Welzer was director of the Center for Interdisciplinary Memory Research (CMR) and head of various sub-projects of the research focus on Climate Culture at the Institute for Cultural Studies in Essen . From 2001 to 2012 he was Professor of Social Psychology at the private University of Witten / Herdecke .
Harald Welzer is co-founder and director of the non-profit foundation Futurzwei. Sustainability Foundation , which has set itself the task of showing and promoting alternative lifestyles and economic forms and since July 2012 honorary professor for transformation design at the European University of Flensburg , where he heads the Norbert Elias Center for Transformation Design & Research . Welzer is also an Affiliated Member of Faculty at the Marial Center at Emory University (Atlanta / USA), he teaches at the University of St. Gallen and is a member of numerous scientific advisory boards and academies. The focus of his research and teaching is memory, group violence and cultural studies climate impact research.
Welzer lives in Berlin.
Communication theory
Welzer's main scientific work, which is based on his habilitation thesis, was published in 2002 under the title Das kommunikative Gedächtnis . Referring to neurobiological research, Welzer explains that human memory is based on an active mental process that functions largely unconsciously and "implicitly". Human memory has a social function: the interplay of individuality and community is organized in different memory functions. Popular metaphors that compare memory as a store of knowledge to a computer hard drive are misleading. Memory images are not stored as finished data sets at a specific point in the brain. If the brain wants to activate memory, it has to reconstruct elements from different areas. Each time a memory is called up, new networks are formed associatively. The memory fragments of media experiences are basically treated in the same way as the fragments of “lived” memories. In the reconstruction of memory, the sources are mixed up.

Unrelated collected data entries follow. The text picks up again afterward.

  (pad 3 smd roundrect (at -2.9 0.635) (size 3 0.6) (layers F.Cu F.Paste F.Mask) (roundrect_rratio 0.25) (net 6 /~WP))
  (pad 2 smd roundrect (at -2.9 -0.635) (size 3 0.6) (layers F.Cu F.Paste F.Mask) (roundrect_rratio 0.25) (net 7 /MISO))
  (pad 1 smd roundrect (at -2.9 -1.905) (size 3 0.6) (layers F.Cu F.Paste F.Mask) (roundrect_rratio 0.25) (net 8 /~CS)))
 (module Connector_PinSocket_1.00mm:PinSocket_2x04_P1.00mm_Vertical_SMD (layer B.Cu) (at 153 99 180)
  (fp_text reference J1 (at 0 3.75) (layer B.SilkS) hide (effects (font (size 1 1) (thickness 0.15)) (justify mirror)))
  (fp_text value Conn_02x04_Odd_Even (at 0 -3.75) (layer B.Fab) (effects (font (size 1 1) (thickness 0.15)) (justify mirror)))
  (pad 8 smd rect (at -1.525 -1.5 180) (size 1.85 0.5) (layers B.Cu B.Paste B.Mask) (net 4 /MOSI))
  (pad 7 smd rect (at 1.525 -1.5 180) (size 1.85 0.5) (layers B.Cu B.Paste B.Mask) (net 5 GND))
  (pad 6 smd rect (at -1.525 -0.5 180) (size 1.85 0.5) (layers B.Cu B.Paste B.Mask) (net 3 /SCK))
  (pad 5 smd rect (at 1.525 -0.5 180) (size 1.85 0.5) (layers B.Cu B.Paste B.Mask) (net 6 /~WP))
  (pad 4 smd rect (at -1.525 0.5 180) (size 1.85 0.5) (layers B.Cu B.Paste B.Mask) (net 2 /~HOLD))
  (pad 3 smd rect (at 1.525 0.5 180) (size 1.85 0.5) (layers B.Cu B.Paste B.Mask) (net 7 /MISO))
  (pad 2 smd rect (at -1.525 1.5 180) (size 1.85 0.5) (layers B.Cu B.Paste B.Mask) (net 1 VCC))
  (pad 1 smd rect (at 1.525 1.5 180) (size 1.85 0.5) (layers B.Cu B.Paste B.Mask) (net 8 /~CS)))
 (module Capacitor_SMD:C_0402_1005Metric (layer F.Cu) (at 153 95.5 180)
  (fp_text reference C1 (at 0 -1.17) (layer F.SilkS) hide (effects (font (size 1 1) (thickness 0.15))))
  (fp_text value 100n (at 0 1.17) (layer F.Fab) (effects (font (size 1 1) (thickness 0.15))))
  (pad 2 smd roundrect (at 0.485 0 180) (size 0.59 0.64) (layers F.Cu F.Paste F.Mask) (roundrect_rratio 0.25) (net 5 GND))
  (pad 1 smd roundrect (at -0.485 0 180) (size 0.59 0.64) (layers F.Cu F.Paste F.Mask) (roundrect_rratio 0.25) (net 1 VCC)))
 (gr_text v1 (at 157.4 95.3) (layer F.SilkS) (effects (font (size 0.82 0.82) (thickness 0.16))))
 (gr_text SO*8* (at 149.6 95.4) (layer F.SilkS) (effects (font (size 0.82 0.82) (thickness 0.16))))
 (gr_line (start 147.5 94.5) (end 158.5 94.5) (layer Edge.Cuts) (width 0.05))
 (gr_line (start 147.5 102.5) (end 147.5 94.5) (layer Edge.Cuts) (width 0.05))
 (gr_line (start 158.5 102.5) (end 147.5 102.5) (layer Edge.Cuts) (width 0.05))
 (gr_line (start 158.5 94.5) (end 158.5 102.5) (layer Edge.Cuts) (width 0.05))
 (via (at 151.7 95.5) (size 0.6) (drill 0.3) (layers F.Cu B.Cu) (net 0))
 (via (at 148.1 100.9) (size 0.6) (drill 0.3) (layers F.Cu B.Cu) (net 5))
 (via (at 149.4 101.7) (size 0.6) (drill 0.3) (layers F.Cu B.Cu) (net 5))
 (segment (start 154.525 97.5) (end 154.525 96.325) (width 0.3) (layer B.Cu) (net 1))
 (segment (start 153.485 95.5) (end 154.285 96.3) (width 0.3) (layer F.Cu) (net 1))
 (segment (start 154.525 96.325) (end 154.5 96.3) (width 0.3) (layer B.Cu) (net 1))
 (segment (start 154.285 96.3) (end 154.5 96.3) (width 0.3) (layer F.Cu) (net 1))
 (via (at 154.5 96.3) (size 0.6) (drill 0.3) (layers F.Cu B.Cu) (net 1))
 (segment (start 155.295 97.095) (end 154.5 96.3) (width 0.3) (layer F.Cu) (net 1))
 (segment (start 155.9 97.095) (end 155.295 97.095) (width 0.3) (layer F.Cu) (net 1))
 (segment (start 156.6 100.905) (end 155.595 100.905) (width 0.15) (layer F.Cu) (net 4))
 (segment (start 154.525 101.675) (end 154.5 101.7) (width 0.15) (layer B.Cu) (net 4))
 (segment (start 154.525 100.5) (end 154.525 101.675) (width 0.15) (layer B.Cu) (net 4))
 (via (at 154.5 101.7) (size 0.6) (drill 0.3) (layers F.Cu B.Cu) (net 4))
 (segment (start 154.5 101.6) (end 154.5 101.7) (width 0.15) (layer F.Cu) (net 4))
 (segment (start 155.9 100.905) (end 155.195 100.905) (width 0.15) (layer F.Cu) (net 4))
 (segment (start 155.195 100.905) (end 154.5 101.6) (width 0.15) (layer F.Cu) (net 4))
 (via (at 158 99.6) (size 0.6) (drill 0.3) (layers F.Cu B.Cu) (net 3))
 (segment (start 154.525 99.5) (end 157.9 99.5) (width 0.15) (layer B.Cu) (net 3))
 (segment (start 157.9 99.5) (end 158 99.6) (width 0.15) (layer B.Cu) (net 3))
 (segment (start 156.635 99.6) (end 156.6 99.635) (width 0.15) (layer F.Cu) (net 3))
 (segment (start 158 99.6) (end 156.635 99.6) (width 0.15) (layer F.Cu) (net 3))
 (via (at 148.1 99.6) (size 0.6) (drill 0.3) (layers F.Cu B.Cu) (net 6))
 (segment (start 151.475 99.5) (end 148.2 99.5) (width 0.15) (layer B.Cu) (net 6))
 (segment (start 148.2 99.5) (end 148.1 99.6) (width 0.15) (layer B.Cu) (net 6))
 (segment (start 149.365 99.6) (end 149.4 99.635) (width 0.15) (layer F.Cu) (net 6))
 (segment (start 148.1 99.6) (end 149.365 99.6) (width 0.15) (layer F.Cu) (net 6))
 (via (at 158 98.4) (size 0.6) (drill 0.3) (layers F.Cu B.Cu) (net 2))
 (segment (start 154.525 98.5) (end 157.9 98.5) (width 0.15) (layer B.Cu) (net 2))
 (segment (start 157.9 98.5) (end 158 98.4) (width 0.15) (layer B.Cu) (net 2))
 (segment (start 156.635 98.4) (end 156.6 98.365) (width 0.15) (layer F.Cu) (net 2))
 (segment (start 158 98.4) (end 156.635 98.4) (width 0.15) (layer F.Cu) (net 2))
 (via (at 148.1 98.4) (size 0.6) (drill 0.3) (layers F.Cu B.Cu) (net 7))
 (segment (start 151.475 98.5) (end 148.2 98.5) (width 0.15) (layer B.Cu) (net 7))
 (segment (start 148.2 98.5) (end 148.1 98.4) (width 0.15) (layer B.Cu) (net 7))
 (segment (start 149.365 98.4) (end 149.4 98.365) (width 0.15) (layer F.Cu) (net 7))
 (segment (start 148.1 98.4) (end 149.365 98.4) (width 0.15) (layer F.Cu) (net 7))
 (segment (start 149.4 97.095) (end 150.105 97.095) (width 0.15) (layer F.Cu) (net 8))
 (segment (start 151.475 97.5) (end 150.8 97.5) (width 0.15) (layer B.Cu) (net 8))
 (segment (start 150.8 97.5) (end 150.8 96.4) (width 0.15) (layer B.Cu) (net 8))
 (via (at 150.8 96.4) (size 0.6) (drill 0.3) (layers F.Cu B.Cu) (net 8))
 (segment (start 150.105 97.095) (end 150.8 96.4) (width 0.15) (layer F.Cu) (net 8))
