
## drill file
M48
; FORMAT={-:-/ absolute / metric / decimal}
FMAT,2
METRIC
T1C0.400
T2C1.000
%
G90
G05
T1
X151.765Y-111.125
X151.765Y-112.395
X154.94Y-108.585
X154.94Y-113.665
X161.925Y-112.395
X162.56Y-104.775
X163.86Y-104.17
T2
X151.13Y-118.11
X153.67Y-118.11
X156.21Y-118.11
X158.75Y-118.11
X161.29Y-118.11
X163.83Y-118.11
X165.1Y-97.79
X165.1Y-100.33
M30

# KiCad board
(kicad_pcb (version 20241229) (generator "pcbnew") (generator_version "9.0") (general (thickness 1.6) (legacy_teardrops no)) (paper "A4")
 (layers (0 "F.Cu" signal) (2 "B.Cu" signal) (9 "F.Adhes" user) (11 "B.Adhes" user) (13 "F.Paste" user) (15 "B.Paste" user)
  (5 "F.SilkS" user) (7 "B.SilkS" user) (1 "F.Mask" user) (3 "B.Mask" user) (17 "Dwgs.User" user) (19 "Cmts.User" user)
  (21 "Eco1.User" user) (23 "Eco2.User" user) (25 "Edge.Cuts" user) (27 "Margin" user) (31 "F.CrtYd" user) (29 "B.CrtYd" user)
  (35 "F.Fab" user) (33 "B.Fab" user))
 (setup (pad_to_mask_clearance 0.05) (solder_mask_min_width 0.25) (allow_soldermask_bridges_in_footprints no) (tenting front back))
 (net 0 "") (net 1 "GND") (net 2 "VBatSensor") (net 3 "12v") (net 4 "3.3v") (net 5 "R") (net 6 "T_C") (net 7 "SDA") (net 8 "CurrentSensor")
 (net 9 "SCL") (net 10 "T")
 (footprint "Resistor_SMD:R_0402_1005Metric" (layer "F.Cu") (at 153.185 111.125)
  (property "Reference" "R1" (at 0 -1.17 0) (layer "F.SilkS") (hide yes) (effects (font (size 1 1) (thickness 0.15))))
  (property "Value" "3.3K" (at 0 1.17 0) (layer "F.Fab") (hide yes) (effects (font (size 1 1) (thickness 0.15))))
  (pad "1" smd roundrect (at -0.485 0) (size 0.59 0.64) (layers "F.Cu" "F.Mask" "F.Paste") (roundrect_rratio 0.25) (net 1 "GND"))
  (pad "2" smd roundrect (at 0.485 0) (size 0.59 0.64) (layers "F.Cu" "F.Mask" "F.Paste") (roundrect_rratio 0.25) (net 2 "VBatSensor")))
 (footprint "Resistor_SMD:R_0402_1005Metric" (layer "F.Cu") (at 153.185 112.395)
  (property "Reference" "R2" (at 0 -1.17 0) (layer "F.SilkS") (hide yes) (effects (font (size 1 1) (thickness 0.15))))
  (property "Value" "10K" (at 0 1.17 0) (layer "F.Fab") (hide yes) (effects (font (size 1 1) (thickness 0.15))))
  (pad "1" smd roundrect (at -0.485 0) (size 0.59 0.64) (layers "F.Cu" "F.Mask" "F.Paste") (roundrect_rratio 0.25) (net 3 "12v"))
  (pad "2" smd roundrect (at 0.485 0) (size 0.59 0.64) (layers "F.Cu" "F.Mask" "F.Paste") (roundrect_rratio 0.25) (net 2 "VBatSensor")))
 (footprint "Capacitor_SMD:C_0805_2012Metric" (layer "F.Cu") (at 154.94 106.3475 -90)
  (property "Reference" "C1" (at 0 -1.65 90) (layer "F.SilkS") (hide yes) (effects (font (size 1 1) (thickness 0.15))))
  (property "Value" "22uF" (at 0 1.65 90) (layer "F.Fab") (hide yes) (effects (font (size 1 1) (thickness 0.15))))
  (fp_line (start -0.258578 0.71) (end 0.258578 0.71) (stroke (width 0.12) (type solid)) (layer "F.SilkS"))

The autobiographical memory is also essentially communicative; it is created through “interaction situations”, as Welzer puts it. Of course, people are not aware of “how to become me”. Unconscious memories emerge in “gut feelings”, spontaneous reactions, and inexplicable biases. My brain “knows” significantly more about emotions and the signals of non-verbal communication than it is aware of through semantic and episodic memory. The conscious and unconscious elements of memory are communicative and guide our perception and action in the context of the culture of the community. From the I and we identity in the sense of an “autobiographical memory”, a synchronization of the individual in relation to his or her social environment develops.
publicist
In the u. a. The book Opa was no Nazi published by him, Welzer deals with the time of National Socialism from a social-psychological point of view by examining the behavior of people in everyday life during National Socialism as well as forms of family memory tradition. Little was heard from the families about perpetration or responsibility. Mitigations and alleged ignorance, on the other hand, appeared very often. According to Welzer, family members involved are even portrayed as victims or heroes .
In the book perpetrator. Like normal people mass murderers, Welzer deepens the results of Christopher Browning on the motivation of Nazi criminals in the Einsatzgruppen , who often had completely normal biographies, such as Franz Stangl or Werner Best . They developed a mentality or internal rationality in which they were morally right, even when they shot children. The killing is seen as work. The results will be extended to Vietnam , Rwanda and Yugoslavia .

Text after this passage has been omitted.